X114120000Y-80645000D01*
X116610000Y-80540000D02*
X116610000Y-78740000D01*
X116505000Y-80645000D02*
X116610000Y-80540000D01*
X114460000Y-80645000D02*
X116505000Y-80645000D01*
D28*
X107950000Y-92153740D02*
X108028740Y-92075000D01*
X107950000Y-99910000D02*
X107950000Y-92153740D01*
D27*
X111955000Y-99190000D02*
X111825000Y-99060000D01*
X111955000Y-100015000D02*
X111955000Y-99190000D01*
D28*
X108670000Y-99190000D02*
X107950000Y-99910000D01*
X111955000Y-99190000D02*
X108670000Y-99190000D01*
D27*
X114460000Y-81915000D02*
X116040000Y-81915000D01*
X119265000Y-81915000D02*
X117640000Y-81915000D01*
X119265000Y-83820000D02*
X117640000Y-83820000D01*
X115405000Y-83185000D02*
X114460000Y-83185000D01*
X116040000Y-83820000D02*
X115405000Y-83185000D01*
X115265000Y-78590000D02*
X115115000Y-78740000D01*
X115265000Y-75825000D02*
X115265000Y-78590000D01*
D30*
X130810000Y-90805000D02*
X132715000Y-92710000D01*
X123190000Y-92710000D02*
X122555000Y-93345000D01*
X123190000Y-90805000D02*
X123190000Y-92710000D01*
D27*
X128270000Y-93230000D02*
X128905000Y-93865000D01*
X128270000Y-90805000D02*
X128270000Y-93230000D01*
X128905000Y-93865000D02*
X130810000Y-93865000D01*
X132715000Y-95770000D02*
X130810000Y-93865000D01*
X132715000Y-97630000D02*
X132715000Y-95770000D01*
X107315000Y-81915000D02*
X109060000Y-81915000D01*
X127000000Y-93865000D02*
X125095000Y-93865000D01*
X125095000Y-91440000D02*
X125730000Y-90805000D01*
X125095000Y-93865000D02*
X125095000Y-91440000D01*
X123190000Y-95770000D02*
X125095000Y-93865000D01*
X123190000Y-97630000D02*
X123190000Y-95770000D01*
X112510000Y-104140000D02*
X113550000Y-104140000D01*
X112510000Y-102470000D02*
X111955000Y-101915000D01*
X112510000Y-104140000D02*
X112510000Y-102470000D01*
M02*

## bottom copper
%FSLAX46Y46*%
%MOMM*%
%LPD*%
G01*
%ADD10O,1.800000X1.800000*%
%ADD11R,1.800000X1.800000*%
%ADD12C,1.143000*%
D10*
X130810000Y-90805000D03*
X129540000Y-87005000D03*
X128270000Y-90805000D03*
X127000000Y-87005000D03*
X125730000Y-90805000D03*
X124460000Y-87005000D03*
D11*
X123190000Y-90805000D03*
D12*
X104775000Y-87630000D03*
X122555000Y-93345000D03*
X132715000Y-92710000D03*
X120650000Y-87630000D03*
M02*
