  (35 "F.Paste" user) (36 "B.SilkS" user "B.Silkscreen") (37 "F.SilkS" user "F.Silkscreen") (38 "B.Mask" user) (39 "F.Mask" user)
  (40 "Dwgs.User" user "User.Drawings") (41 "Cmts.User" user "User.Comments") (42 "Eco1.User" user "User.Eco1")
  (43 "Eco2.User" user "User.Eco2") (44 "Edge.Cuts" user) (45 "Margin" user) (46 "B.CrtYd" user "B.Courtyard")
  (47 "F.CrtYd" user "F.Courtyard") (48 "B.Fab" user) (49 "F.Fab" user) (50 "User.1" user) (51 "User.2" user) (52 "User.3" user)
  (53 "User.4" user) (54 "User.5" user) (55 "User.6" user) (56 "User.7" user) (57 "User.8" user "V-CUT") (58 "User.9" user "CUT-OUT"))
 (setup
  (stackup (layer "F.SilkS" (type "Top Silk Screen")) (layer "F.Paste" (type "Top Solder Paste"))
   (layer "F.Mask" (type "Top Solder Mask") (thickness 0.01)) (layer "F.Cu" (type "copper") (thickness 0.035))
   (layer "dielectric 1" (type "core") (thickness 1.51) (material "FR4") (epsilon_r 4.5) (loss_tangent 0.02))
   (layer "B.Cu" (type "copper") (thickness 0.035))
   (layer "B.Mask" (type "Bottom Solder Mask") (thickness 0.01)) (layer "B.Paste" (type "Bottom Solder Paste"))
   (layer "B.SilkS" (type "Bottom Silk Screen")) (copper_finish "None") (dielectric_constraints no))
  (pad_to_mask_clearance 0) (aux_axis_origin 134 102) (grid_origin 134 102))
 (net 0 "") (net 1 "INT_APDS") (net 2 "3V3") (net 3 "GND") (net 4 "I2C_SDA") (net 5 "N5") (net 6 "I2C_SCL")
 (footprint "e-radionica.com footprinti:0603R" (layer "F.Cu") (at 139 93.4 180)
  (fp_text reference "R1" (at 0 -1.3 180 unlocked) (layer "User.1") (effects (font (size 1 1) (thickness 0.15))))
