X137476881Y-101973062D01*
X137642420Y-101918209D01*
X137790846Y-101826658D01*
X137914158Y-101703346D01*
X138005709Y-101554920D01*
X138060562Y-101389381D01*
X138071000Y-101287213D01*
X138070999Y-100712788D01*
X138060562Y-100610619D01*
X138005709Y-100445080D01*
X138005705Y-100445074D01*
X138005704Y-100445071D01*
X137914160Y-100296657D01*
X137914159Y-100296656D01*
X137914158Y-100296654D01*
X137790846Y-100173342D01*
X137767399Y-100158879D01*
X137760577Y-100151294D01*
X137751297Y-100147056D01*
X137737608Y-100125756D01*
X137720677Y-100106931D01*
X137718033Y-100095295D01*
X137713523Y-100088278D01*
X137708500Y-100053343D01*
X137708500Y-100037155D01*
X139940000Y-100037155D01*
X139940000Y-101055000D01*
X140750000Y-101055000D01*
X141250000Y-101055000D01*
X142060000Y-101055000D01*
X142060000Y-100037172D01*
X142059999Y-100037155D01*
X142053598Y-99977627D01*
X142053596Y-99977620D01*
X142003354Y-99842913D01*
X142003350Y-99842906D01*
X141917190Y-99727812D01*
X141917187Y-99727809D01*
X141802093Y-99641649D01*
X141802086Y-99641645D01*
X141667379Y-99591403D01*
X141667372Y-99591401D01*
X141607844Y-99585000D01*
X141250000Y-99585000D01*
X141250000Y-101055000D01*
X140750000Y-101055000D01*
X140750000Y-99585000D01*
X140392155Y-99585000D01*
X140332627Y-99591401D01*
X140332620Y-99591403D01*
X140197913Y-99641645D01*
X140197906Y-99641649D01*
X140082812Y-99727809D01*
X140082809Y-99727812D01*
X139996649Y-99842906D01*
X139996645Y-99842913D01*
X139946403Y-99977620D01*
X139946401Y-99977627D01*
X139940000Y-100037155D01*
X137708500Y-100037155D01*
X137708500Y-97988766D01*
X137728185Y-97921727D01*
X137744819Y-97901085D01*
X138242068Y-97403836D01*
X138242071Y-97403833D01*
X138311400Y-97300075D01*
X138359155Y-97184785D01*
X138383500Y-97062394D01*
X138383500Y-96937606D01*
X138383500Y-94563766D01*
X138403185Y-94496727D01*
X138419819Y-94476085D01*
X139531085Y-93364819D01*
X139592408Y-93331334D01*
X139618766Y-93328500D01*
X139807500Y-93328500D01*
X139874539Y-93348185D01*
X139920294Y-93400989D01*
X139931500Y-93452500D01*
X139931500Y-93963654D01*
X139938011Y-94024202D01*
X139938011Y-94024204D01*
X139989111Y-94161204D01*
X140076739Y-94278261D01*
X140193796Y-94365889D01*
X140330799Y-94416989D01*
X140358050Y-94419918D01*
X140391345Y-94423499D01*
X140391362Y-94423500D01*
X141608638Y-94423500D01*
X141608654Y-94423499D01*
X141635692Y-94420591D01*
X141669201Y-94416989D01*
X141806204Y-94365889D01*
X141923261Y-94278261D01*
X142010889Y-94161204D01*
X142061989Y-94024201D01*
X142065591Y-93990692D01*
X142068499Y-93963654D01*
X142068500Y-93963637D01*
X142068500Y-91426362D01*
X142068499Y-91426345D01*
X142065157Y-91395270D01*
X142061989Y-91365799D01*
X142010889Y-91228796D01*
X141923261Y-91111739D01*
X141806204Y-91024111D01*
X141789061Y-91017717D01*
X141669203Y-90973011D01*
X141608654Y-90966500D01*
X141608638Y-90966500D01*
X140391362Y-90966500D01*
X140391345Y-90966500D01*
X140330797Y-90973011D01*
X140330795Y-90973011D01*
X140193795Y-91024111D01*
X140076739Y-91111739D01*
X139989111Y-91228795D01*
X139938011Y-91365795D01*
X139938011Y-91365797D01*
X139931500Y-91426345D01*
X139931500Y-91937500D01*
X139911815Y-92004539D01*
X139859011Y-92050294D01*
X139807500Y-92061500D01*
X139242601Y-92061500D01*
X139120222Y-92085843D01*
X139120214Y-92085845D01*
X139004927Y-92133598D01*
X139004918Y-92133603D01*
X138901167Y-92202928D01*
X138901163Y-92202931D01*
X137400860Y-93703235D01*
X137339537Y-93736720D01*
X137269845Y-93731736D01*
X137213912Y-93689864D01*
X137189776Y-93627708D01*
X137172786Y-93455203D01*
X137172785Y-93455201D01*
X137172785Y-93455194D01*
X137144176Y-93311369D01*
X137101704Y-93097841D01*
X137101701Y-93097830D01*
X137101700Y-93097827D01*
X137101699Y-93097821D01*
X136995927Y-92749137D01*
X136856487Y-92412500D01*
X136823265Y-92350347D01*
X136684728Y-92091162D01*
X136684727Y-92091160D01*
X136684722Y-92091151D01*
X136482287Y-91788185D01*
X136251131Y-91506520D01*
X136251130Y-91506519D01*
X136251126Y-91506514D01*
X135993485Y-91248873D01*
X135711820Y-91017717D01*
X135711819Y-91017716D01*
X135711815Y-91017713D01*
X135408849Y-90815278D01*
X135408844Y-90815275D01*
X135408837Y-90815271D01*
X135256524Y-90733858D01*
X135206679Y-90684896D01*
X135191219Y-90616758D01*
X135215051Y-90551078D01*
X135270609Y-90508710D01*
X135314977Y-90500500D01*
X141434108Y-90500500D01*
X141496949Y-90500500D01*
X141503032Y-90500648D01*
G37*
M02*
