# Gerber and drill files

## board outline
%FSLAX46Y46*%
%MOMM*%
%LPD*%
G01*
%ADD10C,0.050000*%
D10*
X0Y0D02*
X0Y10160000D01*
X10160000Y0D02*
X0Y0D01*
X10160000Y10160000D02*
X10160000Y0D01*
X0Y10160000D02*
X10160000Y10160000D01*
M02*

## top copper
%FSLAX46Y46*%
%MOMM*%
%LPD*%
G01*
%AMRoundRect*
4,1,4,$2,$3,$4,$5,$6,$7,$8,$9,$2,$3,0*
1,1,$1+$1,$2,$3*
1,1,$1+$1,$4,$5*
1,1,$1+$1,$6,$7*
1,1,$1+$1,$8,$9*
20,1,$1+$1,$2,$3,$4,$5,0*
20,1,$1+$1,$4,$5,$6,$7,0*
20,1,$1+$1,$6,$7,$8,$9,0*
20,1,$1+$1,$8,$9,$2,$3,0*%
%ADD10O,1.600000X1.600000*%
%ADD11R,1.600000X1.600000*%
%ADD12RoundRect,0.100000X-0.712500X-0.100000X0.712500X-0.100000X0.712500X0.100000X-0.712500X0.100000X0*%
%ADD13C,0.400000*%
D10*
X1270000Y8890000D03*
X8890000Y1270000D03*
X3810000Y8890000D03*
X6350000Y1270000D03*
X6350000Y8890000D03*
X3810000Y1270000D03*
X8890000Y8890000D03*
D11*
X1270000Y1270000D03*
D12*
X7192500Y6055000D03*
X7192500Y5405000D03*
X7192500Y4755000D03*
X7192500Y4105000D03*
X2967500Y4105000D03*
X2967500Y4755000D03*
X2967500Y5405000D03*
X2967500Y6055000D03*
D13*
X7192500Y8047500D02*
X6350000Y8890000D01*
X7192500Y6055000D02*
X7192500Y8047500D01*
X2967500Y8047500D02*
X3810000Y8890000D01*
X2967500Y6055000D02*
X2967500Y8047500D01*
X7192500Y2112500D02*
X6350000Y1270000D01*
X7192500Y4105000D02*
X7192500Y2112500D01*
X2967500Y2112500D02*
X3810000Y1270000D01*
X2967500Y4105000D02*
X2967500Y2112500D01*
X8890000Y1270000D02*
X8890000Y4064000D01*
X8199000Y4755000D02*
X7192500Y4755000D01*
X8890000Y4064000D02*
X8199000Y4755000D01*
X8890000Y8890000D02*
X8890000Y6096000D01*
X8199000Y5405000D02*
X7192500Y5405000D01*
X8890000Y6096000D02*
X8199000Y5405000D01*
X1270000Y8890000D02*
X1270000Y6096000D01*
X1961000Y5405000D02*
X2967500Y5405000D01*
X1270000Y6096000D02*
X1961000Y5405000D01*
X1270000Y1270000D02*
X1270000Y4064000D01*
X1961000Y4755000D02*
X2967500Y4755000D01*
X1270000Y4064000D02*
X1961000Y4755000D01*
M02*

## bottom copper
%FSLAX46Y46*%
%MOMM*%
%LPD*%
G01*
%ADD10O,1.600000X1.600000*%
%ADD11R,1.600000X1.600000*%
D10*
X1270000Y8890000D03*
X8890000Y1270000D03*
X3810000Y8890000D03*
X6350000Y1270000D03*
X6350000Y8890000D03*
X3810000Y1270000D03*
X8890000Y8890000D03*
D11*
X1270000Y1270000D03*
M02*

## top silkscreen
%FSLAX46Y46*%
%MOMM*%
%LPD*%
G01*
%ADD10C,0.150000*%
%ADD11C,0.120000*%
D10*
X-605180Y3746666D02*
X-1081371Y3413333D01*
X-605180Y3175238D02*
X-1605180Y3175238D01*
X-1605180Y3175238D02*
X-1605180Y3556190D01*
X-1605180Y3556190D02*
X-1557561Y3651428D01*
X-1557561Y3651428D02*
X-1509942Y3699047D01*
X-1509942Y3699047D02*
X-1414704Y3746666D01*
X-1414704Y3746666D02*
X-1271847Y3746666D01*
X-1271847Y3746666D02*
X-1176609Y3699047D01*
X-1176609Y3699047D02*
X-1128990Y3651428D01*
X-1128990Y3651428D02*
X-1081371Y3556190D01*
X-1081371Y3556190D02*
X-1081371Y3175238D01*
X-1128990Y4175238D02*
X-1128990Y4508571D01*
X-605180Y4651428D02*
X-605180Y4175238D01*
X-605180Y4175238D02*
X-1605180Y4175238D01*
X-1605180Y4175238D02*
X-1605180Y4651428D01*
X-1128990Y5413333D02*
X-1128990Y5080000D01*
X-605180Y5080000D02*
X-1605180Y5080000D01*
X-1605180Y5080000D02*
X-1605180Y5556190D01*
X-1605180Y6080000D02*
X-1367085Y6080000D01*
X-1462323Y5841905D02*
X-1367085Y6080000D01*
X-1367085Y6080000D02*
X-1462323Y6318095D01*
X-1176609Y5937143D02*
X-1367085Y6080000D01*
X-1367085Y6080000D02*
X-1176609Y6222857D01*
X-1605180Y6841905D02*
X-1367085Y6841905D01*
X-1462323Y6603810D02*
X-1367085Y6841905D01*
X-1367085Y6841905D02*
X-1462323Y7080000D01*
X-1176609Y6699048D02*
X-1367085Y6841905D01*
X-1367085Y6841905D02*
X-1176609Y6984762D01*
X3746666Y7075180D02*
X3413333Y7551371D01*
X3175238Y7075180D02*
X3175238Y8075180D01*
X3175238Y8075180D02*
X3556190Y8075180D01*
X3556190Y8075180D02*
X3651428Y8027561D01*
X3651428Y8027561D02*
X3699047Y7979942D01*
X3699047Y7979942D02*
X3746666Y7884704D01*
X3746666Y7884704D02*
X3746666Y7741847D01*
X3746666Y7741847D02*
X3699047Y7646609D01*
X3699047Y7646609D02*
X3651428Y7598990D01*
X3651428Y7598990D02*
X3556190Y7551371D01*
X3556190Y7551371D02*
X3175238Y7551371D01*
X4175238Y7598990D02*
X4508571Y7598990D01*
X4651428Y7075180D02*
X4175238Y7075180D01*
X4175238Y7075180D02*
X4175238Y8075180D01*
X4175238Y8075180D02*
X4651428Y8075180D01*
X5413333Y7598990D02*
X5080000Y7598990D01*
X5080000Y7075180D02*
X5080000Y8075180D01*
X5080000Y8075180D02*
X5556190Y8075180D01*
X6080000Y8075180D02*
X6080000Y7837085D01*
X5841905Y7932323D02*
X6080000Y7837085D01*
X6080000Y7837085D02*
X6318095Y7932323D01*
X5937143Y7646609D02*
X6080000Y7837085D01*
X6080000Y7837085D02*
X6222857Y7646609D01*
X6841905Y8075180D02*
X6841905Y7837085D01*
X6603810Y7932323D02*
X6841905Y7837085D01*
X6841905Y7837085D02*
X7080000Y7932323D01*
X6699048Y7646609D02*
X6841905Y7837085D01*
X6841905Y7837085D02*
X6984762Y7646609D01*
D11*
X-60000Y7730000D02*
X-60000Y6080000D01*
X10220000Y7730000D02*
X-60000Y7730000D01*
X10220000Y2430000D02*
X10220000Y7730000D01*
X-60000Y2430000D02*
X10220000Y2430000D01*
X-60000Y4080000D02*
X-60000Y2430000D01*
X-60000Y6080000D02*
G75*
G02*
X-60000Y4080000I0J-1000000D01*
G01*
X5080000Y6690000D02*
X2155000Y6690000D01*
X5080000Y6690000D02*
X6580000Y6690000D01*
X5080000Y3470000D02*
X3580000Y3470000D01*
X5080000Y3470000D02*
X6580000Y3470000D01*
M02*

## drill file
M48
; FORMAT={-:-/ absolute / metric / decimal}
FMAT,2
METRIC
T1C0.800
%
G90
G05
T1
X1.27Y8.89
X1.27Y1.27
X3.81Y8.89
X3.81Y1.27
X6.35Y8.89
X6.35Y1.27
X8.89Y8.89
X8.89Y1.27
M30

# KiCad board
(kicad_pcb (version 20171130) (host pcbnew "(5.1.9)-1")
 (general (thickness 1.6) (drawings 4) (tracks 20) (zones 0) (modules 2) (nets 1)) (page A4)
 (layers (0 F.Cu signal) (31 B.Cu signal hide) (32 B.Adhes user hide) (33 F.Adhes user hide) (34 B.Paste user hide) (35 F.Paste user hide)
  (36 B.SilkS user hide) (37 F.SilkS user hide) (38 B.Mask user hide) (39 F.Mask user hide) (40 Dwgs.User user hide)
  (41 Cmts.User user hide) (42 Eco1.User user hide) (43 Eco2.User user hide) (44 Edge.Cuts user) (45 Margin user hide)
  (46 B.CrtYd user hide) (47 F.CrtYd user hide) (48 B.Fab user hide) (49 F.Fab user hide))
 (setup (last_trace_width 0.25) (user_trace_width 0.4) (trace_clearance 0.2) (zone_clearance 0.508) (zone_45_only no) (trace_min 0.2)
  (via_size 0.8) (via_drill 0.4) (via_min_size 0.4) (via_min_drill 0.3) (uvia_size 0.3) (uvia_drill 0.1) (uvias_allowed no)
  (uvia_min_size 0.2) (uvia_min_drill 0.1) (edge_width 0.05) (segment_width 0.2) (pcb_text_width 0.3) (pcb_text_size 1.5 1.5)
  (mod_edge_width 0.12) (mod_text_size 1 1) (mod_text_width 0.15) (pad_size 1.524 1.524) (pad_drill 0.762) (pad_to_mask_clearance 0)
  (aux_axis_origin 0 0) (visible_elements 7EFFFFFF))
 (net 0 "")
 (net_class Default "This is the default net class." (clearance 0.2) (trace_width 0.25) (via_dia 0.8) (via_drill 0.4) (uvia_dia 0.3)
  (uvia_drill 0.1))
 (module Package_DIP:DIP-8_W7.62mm (layer F.Cu) (at 1.27 -1.27 90)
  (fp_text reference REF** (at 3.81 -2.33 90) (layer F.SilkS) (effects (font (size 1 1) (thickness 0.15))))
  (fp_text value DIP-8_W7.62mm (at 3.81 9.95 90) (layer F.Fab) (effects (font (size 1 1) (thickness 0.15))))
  (fp_line (start 6.46 -1.33) (end 4.81 -1.33) (layer F.SilkS) (width 0.12))
  (fp_line (start 6.46 8.95) (end 6.46 -1.33) (layer F.SilkS) (width 0.12))
  (fp_line (start 1.16 8.95) (end 6.46 8.95) (layer F.SilkS) (width 0.12))
  (fp_line (start 1.16 -1.33) (end 1.16 8.95) (layer F.SilkS) (width 0.12))
  (fp_line (start 2.81 -1.33) (end 1.16 -1.33) (layer F.SilkS) (width 0.12))
  (fp_arc (start 3.81 -1.33) (end 2.81 -1.33) (angle -180) (layer F.SilkS) (width 0.12))
  (pad 8 thru_hole oval (at 7.62 0 90) (size 1.6 1.6) (drill 0.8) (layers *.Cu *.Mask))
  (pad 4 thru_hole oval (at 0 7.62 90) (size 1.6 1.6) (drill 0.8) (layers *.Cu *.Mask))
  (pad 7 thru_hole oval (at 7.62 2.54 90) (size 1.6 1.6) (drill 0.8) (layers *.Cu *.Mask))
  (pad 3 thru_hole oval (at 0 5.08 90) (size 1.6 1.6) (drill 0.8) (layers *.Cu *.Mask))
  (pad 6 thru_hole oval (at 7.62 5.08 90) (size 1.6 1.6) (drill 0.8) (layers *.Cu *.Mask))
  (pad 2 thru_hole oval (at 0 2.54 90) (size 1.6 1.6) (drill 0.8) (layers *.Cu *.Mask))
  (pad 5 thru_hole oval (at 7.62 7.62 90) (size 1.6 1.6) (drill 0.8) (layers *.Cu *.Mask))
  (pad 1 thru_hole rect (at 0 0 90) (size 1.6 1.6) (drill 0.8) (layers *.Cu *.Mask)))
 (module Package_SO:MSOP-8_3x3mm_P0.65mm (layer F.Cu) (at 5.08 -5.08)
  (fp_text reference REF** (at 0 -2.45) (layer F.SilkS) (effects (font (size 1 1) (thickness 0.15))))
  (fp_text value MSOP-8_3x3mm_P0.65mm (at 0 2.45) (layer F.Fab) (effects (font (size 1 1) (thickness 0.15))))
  (fp_line (start 0 -1.61) (end -2.925 -1.61) (layer F.SilkS) (width 0.12))
  (fp_line (start 0 -1.61) (end 1.5 -1.61) (layer F.SilkS) (width 0.12))
  (fp_line (start 0 1.61) (end -1.5 1.61) (layer F.SilkS) (width 0.12))
  (fp_line (start 0 1.61) (end 1.5 1.61) (layer F.SilkS) (width 0.12))
  (pad 8 smd roundrect (at 2.1125 -0.975) (size 1.625 0.4) (layers F.Cu F.Paste F.Mask) (roundrect_rratio 0.25))
  (pad 7 smd roundrect (at 2.1125 -0.325) (size 1.625 0.4) (layers F.Cu F.Paste F.Mask) (roundrect_rratio 0.25))
  (pad 6 smd roundrect (at 2.1125 0.325) (size 1.625 0.4) (layers F.Cu F.Paste F.Mask) (roundrect_rratio 0.25))
  (pad 5 smd roundrect (at 2.1125 0.975) (size 1.625 0.4) (layers F.Cu F.Paste F.Mask) (roundrect_rratio 0.25))
  (pad 4 smd roundrect (at -2.1125 0.975) (size 1.625 0.4) (layers F.Cu F.Paste F.Mask) (roundrect_rratio 0.25))
  (pad 3 smd roundrect (at -2.1125 0.325) (size 1.625 0.4) (layers F.Cu F.Paste F.Mask) (roundrect_rratio 0.25))
  (pad 2 smd roundrect (at -2.1125 -0.325) (size 1.625 0.4) (layers F.Cu F.Paste F.Mask) (roundrect_rratio 0.25))
  (pad 1 smd roundrect (at -2.1125 -0.975) (size 1.625 0.4) (layers F.Cu F.Paste F.Mask) (roundrect_rratio 0.25)))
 (gr_line (start 0 0) (end 0 -10.16) (layer Edge.Cuts) (width 0.05))
 (gr_line (start 10.16 0) (end 0 0) (layer Edge.Cuts) (width 0.05))
 (gr_line (start 10.16 -10.16) (end 10.16 0) (layer Edge.Cuts) (width 0.05))
 (gr_line (start 0 -10.16) (end 10.16 -10.16) (layer Edge.Cuts) (width 0.05))
 (segment (start 7.1925 -8.0475) (end 6.35 -8.89) (width 0.4) (layer F.Cu) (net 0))
 (segment (start 7.1925 -6.055) (end 7.1925 -8.0475) (width 0.4) (layer F.Cu) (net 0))
 (segment (start 2.9675 -8.0475) (end 3.81 -8.89) (width 0.4) (layer F.Cu) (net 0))
 (segment (start 2.9675 -6.055) (end 2.9675 -8.0475) (width 0.4) (layer F.Cu) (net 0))
 (segment (start 7.1925 -2.1125) (end 6.35 -1.27) (width 0.4) (layer F.Cu) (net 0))
 (segment (start 7.1925 -4.105) (end 7.1925 -2.1125) (width 0.4) (layer F.Cu) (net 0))
 (segment (start 2.9675 -2.1125) (end 3.81 -1.27) (width 0.4) (layer F.Cu) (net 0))
 (segment (start 2.9675 -4.105) (end 2.9675 -2.1125) (width 0.4) (layer F.Cu) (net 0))
 (segment (start 8.89 -1.27) (end 8.89 -4.064) (width 0.4) (layer F.Cu) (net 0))
 (segment (start 8.199 -4.755) (end 7.1925 -4.755) (width 0.4) (layer F.Cu) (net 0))
 (segment (start 8.89 -4.064) (end 8.199 -4.755) (width 0.4) (layer F.Cu) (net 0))
 (segment (start 8.89 -8.89) (end 8.89 -6.096) (width 0.4) (layer F.Cu) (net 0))
 (segment (start 8.199 -5.405) (end 7.1925 -5.405) (width 0.4) (layer F.Cu) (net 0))
 (segment (start 8.89 -6.096) (end 8.199 -5.405) (width 0.4) (layer F.Cu) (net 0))
 (segment (start 1.27 -8.89) (end 1.27 -6.096) (width 0.4) (layer F.Cu) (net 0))
 (segment (start 1.961 -5.405) (end 2.9675 -5.405) (width 0.4) (layer F.Cu) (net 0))
 (segment (start 1.27 -6.096) (end 1.961 -5.405) (width 0.4) (layer F.Cu) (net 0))
 (segment (start 1.27 -1.27) (end 1.27 -4.064) (width 0.4) (layer F.Cu) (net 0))
 (segment (start 1.961 -4.755) (end 2.9675 -4.755) (width 0.4) (layer F.Cu) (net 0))
 (segment (start 1.27 -4.064) (end 1.961 -4.755) (width 0.4) (layer F.Cu) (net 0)))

◇ ◇ ◇

### [Task prompt]
For this exercise, repeat exactly the lines of the data above from the one with "X138419819Y-94476085D01*" down to the one with "X135191219Y-90616758D01*", both end lines included.

### [Answer section]
X138419819Y-94476085D01*
X139531085Y-93364819D01*
X139592408Y-93331334D01*
X139618766Y-93328500D01*
X139807500Y-93328500D01*
X139874539Y-93348185D01*
X139920294Y-93400989D01*
X139931500Y-93452500D01*
X139931500Y-93963654D01*
X139938011Y-94024202D01*
X139938011Y-94024204D01*
X139989111Y-94161204D01*
X140076739Y-94278261D01*
X140193796Y-94365889D01*
X140330799Y-94416989D01*
X140358050Y-94419918D01*
X140391345Y-94423499D01*
X140391362Y-94423500D01*
X141608638Y-94423500D01*
X141608654Y-94423499D01*
X141635692Y-94420591D01*
X141669201Y-94416989D01*
X141806204Y-94365889D01*
X141923261Y-94278261D01*
X142010889Y-94161204D01*
X142061989Y-94024201D01*
X142065591Y-93990692D01*
X142068499Y-93963654D01*
X142068500Y-93963637D01*
X142068500Y-91426362D01*
X142068499Y-91426345D01*
X142065157Y-91395270D01*
X142061989Y-91365799D01*
X142010889Y-91228796D01*
X141923261Y-91111739D01*
X141806204Y-91024111D01*
X141789061Y-91017717D01*
X141669203Y-90973011D01*
X141608654Y-90966500D01*
X141608638Y-90966500D01*
X140391362Y-90966500D01*
X140391345Y-90966500D01*
X140330797Y-90973011D01*
X140330795Y-90973011D01*
X140193795Y-91024111D01*
X140076739Y-91111739D01*
X139989111Y-91228795D01*
X139938011Y-91365795D01*
X139938011Y-91365797D01*
X139931500Y-91426345D01*
X139931500Y-91937500D01*
X139911815Y-92004539D01*
X139859011Y-92050294D01*
X139807500Y-92061500D01*
X139242601Y-92061500D01*
X139120222Y-92085843D01*
X139120214Y-92085845D01*
X139004927Y-92133598D01*
X139004918Y-92133603D01*
X138901167Y-92202928D01*
X138901163Y-92202931D01*
X137400860Y-93703235D01*
X137339537Y-93736720D01*
X137269845Y-93731736D01*
X137213912Y-93689864D01*
X137189776Y-93627708D01*
X137172786Y-93455203D01*
X137172785Y-93455201D01*
X137172785Y-93455194D01*
X137144176Y-93311369D01*
X137101704Y-93097841D01*
X137101701Y-93097830D01*
X137101700Y-93097827D01*
X137101699Y-93097821D01*
X136995927Y-92749137D01*
X136856487Y-92412500D01*
X136823265Y-92350347D01*
X136684728Y-92091162D01*
X136684727Y-92091160D01*
X136684722Y-92091151D01*
X136482287Y-91788185D01*
X136251131Y-91506520D01*
X136251130Y-91506519D01*
X136251126Y-91506514D01*
X135993485Y-91248873D01*
X135711820Y-91017717D01*
X135711819Y-91017716D01*
X135711815Y-91017713D01*
X135408849Y-90815278D01*
X135408844Y-90815275D01*
X135408837Y-90815271D01*
X135256524Y-90733858D01*
X135206679Y-90684896D01*
X135191219Y-90616758D01*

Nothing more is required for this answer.